## Problem statement:
Copy each line of the data below in which the word "effects" can be found.

## Source material:
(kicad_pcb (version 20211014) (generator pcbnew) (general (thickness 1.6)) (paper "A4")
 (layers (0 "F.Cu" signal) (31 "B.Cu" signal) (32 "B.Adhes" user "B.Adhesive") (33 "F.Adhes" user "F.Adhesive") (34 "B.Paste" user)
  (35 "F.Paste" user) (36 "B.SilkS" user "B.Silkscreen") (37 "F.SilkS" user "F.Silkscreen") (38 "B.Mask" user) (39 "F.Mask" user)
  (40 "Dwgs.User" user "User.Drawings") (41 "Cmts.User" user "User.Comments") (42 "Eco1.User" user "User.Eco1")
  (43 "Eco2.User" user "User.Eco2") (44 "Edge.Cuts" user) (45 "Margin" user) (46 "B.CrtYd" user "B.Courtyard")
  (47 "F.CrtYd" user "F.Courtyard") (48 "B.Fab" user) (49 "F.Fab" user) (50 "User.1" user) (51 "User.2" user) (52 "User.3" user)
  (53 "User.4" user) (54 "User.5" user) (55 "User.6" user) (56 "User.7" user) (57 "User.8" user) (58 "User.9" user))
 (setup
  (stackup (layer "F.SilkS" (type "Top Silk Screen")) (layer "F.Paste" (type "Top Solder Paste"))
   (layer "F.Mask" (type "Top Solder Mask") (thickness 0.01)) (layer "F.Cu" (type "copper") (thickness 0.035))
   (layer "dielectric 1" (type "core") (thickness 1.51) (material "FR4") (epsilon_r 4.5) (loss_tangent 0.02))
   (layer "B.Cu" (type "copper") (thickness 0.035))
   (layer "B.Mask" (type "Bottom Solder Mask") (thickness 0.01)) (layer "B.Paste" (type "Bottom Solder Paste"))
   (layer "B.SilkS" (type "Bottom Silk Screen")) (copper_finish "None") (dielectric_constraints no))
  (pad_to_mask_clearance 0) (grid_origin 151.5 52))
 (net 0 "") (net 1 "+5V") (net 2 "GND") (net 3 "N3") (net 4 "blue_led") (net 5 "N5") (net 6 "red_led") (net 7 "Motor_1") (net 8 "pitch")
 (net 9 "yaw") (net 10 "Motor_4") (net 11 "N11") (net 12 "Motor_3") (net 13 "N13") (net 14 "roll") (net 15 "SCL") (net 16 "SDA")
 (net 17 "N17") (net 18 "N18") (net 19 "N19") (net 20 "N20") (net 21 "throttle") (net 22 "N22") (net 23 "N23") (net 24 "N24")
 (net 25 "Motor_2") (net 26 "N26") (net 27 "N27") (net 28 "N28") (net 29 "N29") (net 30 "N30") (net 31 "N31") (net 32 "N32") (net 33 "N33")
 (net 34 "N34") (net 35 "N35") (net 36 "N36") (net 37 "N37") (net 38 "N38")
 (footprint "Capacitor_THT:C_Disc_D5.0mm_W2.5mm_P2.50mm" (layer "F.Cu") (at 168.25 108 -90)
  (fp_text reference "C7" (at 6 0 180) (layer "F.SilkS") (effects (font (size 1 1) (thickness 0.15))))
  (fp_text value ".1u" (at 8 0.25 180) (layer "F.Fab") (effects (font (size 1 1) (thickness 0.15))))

## Your solution:
  (fp_text reference "C7" (at 6 0 180) (layer "F.SilkS") (effects (font (size 1 1) (thickness 0.15))))
  (fp_text value ".1u" (at 8 0.25 180) (layer "F.Fab") (effects (font (size 1 1) (thickness 0.15))))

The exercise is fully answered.